King was born on January 15, 1929, in Atlanta, Georgia. He grew up in a secure, middle-class family, always aware of the segregation and discrimination against African-Americans.
He graduated from high school at 15 and was awarded a bachelor degree in sociology in 1948. Although he excelled in studies of medicine and law, he made the decision to enter the ministry, earning a bachelor of divinity in 1951 and a doctorate in 1955.
King married Coretta Scott in 1953 and, a year later, became pastor of Dexter Avenue Baptist Church in Montgomery, Alabama. But in 1955 he became involved in the bus boycott, which stemmed from African-American woman Rosa Parks refusal to give up her seat to a white passenger.
Thanks to his leadership and skill as an orator, buses Alabama were desegregated. It was only a small step toward the greater goal of gaining rights for African-Americans across the US. King emerged as a leader of that struggle. Even at this early stage, his life was threatened and his family’s home bombed.

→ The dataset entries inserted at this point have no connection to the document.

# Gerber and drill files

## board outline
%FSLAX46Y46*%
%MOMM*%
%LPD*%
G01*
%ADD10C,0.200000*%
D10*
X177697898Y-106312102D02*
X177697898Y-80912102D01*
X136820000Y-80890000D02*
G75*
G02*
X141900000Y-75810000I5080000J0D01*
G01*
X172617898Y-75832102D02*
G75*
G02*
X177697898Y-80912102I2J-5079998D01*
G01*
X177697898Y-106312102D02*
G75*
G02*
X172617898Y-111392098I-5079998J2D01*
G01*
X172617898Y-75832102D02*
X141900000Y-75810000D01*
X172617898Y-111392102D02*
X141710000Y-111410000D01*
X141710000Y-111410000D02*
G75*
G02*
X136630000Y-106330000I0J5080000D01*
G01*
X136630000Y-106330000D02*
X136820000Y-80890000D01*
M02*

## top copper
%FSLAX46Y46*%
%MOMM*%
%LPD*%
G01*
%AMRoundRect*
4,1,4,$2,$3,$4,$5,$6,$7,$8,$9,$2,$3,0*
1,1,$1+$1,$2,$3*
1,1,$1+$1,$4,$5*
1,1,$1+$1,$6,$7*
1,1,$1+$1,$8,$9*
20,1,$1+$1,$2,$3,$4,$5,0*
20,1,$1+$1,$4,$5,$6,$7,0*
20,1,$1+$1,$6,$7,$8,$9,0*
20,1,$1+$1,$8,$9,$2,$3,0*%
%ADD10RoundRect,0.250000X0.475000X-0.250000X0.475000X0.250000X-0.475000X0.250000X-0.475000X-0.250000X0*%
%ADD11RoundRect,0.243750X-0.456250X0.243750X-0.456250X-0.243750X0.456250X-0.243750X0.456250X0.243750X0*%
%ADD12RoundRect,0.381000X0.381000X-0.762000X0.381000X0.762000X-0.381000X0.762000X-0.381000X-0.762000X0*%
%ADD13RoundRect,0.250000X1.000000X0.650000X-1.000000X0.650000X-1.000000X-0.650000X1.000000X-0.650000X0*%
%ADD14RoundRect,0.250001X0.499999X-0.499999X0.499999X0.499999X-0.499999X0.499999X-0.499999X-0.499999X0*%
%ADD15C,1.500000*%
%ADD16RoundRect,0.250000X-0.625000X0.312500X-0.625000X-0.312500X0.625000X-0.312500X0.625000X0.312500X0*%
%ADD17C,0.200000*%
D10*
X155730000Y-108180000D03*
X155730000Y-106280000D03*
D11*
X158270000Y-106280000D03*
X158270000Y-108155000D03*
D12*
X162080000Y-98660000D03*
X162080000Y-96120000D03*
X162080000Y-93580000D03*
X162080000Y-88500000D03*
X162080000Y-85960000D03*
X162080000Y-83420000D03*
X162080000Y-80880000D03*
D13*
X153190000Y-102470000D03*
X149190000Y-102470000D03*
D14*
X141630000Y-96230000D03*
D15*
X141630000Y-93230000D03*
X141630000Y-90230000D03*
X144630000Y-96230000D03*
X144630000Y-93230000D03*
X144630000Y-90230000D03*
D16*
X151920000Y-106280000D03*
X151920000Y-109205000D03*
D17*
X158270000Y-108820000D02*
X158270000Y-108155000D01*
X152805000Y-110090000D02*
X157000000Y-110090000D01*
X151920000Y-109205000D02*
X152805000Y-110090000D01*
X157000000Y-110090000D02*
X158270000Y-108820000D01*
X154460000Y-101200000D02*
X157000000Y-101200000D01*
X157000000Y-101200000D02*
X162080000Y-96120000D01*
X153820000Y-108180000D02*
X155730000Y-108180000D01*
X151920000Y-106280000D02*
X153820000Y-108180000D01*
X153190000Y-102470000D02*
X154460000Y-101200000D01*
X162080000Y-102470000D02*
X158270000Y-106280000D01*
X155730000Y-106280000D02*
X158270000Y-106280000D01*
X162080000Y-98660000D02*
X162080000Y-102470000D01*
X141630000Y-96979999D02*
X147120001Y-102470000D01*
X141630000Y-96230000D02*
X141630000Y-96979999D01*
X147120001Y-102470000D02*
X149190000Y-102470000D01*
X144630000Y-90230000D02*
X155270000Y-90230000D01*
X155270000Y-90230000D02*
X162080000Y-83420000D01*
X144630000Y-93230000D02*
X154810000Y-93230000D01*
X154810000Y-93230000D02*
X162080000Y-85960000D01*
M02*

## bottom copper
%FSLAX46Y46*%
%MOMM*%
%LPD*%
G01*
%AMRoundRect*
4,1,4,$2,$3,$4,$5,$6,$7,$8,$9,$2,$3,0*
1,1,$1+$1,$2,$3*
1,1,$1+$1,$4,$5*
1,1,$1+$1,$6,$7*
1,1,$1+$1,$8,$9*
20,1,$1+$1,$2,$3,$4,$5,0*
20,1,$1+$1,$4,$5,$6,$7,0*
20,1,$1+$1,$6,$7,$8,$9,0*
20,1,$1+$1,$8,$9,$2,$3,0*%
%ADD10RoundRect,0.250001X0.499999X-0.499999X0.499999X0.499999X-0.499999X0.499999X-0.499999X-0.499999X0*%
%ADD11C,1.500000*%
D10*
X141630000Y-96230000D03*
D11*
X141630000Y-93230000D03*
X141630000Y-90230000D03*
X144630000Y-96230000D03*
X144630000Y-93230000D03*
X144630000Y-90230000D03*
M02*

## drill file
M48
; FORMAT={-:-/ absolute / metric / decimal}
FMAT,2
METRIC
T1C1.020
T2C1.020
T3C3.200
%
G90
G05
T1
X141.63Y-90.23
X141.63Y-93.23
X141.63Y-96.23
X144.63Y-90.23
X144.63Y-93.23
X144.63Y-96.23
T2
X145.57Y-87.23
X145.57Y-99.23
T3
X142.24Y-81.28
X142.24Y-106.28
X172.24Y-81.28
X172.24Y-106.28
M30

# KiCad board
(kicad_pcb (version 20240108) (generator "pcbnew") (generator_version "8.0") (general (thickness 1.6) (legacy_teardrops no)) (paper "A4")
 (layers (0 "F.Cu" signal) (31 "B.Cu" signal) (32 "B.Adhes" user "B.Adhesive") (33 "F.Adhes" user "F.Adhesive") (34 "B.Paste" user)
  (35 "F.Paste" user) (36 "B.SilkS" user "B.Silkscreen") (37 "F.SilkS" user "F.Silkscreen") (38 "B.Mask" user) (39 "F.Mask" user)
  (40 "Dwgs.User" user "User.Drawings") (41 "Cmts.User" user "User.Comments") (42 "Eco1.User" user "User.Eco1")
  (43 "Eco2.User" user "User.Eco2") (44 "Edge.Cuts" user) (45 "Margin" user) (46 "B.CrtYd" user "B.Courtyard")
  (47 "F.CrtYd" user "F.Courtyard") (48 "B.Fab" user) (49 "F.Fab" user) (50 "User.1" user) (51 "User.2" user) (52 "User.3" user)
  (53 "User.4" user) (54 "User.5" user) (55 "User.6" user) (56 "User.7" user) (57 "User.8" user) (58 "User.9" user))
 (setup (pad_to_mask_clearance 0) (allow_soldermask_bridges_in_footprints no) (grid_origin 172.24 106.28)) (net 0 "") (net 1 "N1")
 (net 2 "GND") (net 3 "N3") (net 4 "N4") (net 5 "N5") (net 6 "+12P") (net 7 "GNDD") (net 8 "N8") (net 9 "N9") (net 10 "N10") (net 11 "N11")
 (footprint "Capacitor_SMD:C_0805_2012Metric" (layer "F.Cu") (at 155.73 107.23 90)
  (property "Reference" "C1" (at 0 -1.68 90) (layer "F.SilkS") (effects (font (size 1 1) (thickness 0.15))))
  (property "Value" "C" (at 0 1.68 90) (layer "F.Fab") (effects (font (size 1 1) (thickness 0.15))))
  (pad "1" smd roundrect (at -0.95 0 90) (size 1 1.45) (layers "F.Cu" "F.Paste" "F.Mask") (roundrect_rratio 0.25) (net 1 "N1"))
  (pad "2" smd roundrect (at 0.95 0 90) (size 1 1.45) (layers "F.Cu" "F.Paste" "F.Mask") (roundrect_rratio 0.25) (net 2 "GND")))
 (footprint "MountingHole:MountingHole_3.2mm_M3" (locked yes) (layer "F.Cu") (at 142.24 81.28)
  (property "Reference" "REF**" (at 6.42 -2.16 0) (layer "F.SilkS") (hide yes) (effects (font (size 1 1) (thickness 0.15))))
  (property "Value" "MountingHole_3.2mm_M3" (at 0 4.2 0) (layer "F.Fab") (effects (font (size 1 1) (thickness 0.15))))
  (pad "" np_thru_hole circle (at 0 0) (size 3.2 3.2) (drill 3.2) (layers "F&B.Cu" "*.Mask")))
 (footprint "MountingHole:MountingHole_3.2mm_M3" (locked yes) (layer "F.Cu") (at 172.24 106.28)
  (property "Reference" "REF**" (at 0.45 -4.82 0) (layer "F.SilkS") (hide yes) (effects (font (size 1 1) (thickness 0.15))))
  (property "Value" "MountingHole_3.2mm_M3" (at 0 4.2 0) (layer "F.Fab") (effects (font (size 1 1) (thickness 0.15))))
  (pad "" np_thru_hole circle (at 0 0) (size 3.2 3.2) (drill 3.2) (layers "F&B.Cu" "*.Mask")))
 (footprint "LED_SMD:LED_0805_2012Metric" (layer "F.Cu") (at 158.27 107.2175 -90)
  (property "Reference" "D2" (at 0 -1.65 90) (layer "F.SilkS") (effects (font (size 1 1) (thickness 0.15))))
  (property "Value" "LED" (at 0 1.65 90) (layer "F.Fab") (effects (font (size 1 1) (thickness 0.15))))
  (pad "1" smd roundrect (at -0.9375 0 270) (size 0.975 1.4) (layers "F.Cu" "F.Paste" "F.Mask") (roundrect_rratio 0.25) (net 2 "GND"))
  (pad "2" smd roundrect (at 0.9375 0 270) (size 0.975 1.4) (layers "F.Cu" "F.Paste" "F.Mask") (roundrect_rratio 0.25) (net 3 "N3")))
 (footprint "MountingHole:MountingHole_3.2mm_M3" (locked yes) (layer "F.Cu") (at 142.24 106.28)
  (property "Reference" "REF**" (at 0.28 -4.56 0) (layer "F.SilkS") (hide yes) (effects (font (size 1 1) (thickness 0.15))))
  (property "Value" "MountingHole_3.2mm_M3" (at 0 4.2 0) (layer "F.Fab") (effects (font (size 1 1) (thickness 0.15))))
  (pad "" np_thru_hole circle (at 0 0) (size 3.2 3.2) (drill 3.2) (layers "F&B.Cu" "*.Mask")))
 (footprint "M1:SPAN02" (layer "F.Cu") (at 162.08 98.66 90)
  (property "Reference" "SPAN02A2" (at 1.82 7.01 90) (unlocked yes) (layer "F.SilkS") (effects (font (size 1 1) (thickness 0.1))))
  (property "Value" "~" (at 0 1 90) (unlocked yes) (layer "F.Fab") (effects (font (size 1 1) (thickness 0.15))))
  (pad "1" smd roundrect (at 0 0 90) (size 2.286 1.524) (layers "F.Cu" "F.Paste" "F.Mask") (roundrect_rratio 0.25) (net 2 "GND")
   (thermal_bridge_angle 45))
  (pad "2" smd roundrect (at 2.54 0 90) (size 2.286 1.524) (layers "F.Cu" "F.Paste" "F.Mask") (roundrect_rratio 0.25) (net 1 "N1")
   (thermal_bridge_angle 45))
  (pad "3" smd roundrect (at 5.08 0 90) (size 2.286 1.524) (layers "F.Cu" "F.Paste" "F.Mask") (roundrect_rratio 0.25) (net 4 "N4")
   (thermal_bridge_angle 45))
  (pad "5" smd roundrect (at 10.16 0 90) (size 2.286 1.524) (layers "F.Cu" "F.Paste" "F.Mask") (roundrect_rratio 0.25) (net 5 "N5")
   (thermal_bridge_angle 45))
  (pad "6" smd roundrect (at 12.7 0 90) (size 2.286 1.524) (layers "F.Cu" "F.Paste" "F.Mask") (roundrect_rratio 0.25) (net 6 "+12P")
   (thermal_bridge_angle 45))
  (pad "7" smd roundrect (at 15.24 0 90) (size 2.286 1.524) (layers "F.Cu" "F.Paste" "F.Mask") (roundrect_rratio 0.25) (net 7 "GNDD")
   (thermal_bridge_angle 45))
  (pad "8" smd roundrect (at 17.78 0 90) (size 2.286 1.524) (layers "F.Cu" "F.Paste" "F.Mask") (roundrect_rratio 0.25) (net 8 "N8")
   (thermal_bridge_angle 45)))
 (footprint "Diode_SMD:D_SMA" (layer "F.Cu") (at 151.19 102.47 180)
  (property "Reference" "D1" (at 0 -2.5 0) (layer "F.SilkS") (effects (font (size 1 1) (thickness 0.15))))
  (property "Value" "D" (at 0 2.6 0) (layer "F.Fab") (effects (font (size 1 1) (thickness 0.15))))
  (pad "1" smd roundrect (at -2 0 180) (size 2.5 1.8) (layers "F.Cu" "F.Paste" "F.Mask") (roundrect_rratio 0.1388888889) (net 1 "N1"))
  (pad "2" smd roundrect (at 2 0 180) (size 2.5 1.8) (layers "F.Cu" "F.Paste" "F.Mask") (roundrect_rratio 0.1388888889) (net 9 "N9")))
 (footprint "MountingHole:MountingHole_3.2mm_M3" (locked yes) (layer "F.Cu") (at 172.24 81.28)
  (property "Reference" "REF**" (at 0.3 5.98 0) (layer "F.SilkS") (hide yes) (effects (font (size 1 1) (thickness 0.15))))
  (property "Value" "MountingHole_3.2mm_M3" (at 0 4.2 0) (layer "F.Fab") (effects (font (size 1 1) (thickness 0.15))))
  (pad "" np_thru_hole circle (at 0 0) (size 3.2 3.2) (drill 3.2) (layers "F&B.Cu" "*.Mask")))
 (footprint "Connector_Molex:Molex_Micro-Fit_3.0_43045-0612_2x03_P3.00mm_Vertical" (layer "F.Cu") (at 141.63 96.23 90)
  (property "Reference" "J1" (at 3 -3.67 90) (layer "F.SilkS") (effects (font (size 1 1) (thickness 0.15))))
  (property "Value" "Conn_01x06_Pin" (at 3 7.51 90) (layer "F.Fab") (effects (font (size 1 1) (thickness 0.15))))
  (pad "" np_thru_hole circle (at -3 3.94 90) (size 1.02 1.02) (drill 1.02) (layers "*.Cu" "*.Mask"))
  (pad "" np_thru_hole circle (at 9 3.94 90) (size 1.02 1.02) (drill 1.02) (layers "*.Cu" "*.Mask"))
  (pad "1" thru_hole roundrect (at 0 0 90) (size 1.5 1.5) (drill 1.02) (layers "*.Cu" "*.Mask") (remove_unused_layers no)
   (roundrect_rratio 0.166667) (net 9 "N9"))
  (pad "2" thru_hole circle (at 3 0 90) (size 1.5 1.5) (drill 1.02) (layers "*.Cu" "*.Mask") (remove_unused_layers no) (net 2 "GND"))
  (pad "3" thru_hole circle (at 6 0 90) (size 1.5 1.5) (drill 1.02) (layers "*.Cu" "*.Mask") (remove_unused_layers no) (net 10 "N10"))
  (pad "4" thru_hole circle (at 0 3 90) (size 1.5 1.5) (drill 1.02) (layers "*.Cu" "*.Mask") (remove_unused_layers no) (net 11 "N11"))
  (pad "5" thru_hole circle (at 3 3 90) (size 1.5 1.5) (drill 1.02) (layers "*.Cu" "*.Mask") (remove_unused_layers no) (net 6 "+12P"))
  (pad "6" thru_hole circle (at 6 3 90) (size 1.5 1.5) (drill 1.02) (layers "*.Cu" "*.Mask") (remove_unused_layers no) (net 7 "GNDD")))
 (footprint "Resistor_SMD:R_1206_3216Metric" (layer "F.Cu") (at 151.92 107.7425 -90)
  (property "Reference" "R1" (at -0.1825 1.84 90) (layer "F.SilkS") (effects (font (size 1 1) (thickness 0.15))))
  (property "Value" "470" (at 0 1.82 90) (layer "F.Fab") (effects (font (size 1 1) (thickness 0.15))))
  (pad "1" smd roundrect (at -1.4625 0 270) (size 1.125 1.75) (layers "F.Cu" "F.Paste" "F.Mask") (roundrect_rratio 0.222222) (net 1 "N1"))
  (pad "2" smd roundrect (at 1.4625 0 270) (size 1.125 1.75) (layers "F.Cu" "F.Paste" "F.Mask") (roundrect_rratio 0.222222) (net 3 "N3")))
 (gr_line (start 177.697898 106.312102) (end 177.697898 80.912102) (stroke (width 0.2) (type default)) (layer "Edge.Cuts"))
 (gr_arc (start 136.82 80.89) (mid 138.307898 77.297898) (end 141.9 75.81) (stroke (width 0.2) (type default)) (layer "Edge.Cuts"))
 (gr_arc (start 172.617898 75.832102) (mid 176.21 77.32) (end 177.697898 80.912102) (stroke (width 0.2) (type default)) (layer "Edge.Cuts"))
 (gr_arc (start 177.697898 106.312102) (mid 176.21 109.904204) (end 172.617898 111.392102) (stroke (width 0.2) (type default))
  (layer "Edge.Cuts"))
 (gr_line (start 172.617898 75.832102) (end 141.9 75.81) (stroke (width 0.2) (type default)) (layer "Edge.Cuts"))
 (gr_line (start 172.617898 111.392102) (end 141.71 111.41) (stroke (width 0.2) (type default)) (layer "Edge.Cuts"))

To better organise resistance to injustices, King organised the Southern Christian Leadership Conference in 1957. But his increasing fame brought a price. At a book signing in Harlem in 1958, King was stabbed with a letter opener by a mentally ill women. He survived; the letter opener narrowly missing his aorta.
In 1963 he led a campaign to end desegregation in restaurants in Birmingham, Alabama, which culminated in his “I have a dream” speech. It gained him the support of President John F. Kennedy. But when Kennedy was killed in November 1963, King told Coretta, “This is what is going to happen to me also. I keep telling you, this is a sick society.”
Kennedy’s successor Lyndon Johnson helped push through the Civil Rights Act of 1964. That same year King was awarded a Nobel Peace prize.
King continued to work tirelessly for social change campaigning successfully for voting rights for blacks in 1965. But he was criticised for his focus on racism to the exclusion of other social problems.
Hoping to broaden his support base, in 1967 he changed his approach by speaking out against the Vietnam War, especially the conscription of poor young men to fill the ranks.
It brought the enmity of war supporters, in particular petty criminal James Earl Ray. A campaign volunteer for pro-segregationist Alabama politician George Wallace, Ray may have believed that killing King would somehow help Wallace’s chances in the 1968 presidential election.
Ray took his opportunity when King was in Memphis in 1968 in support of a strike by sanitation workers, most of whom were African-Americans.
Discovering King was booked into the Lorraine Motel, Ray took a room in a boarding house across the road. He found a window in a common bathroom facing the hotel, and waited there with his Remington 760 rifle.
When King emerged from his room at about 6pm, Ray took his shot. An army-trained marksman it only took one bullet to kill King.
Ray was later seen running from the hotel. He eluded police until he was caught at Heathrow Airport in England two months later. Ray pleaded guilty, avoiding the death penalty, but escaped from prison in 1977, only to be recaptured three days later.
He later recanted his confession and protested his innocence. He died in prison in 1998.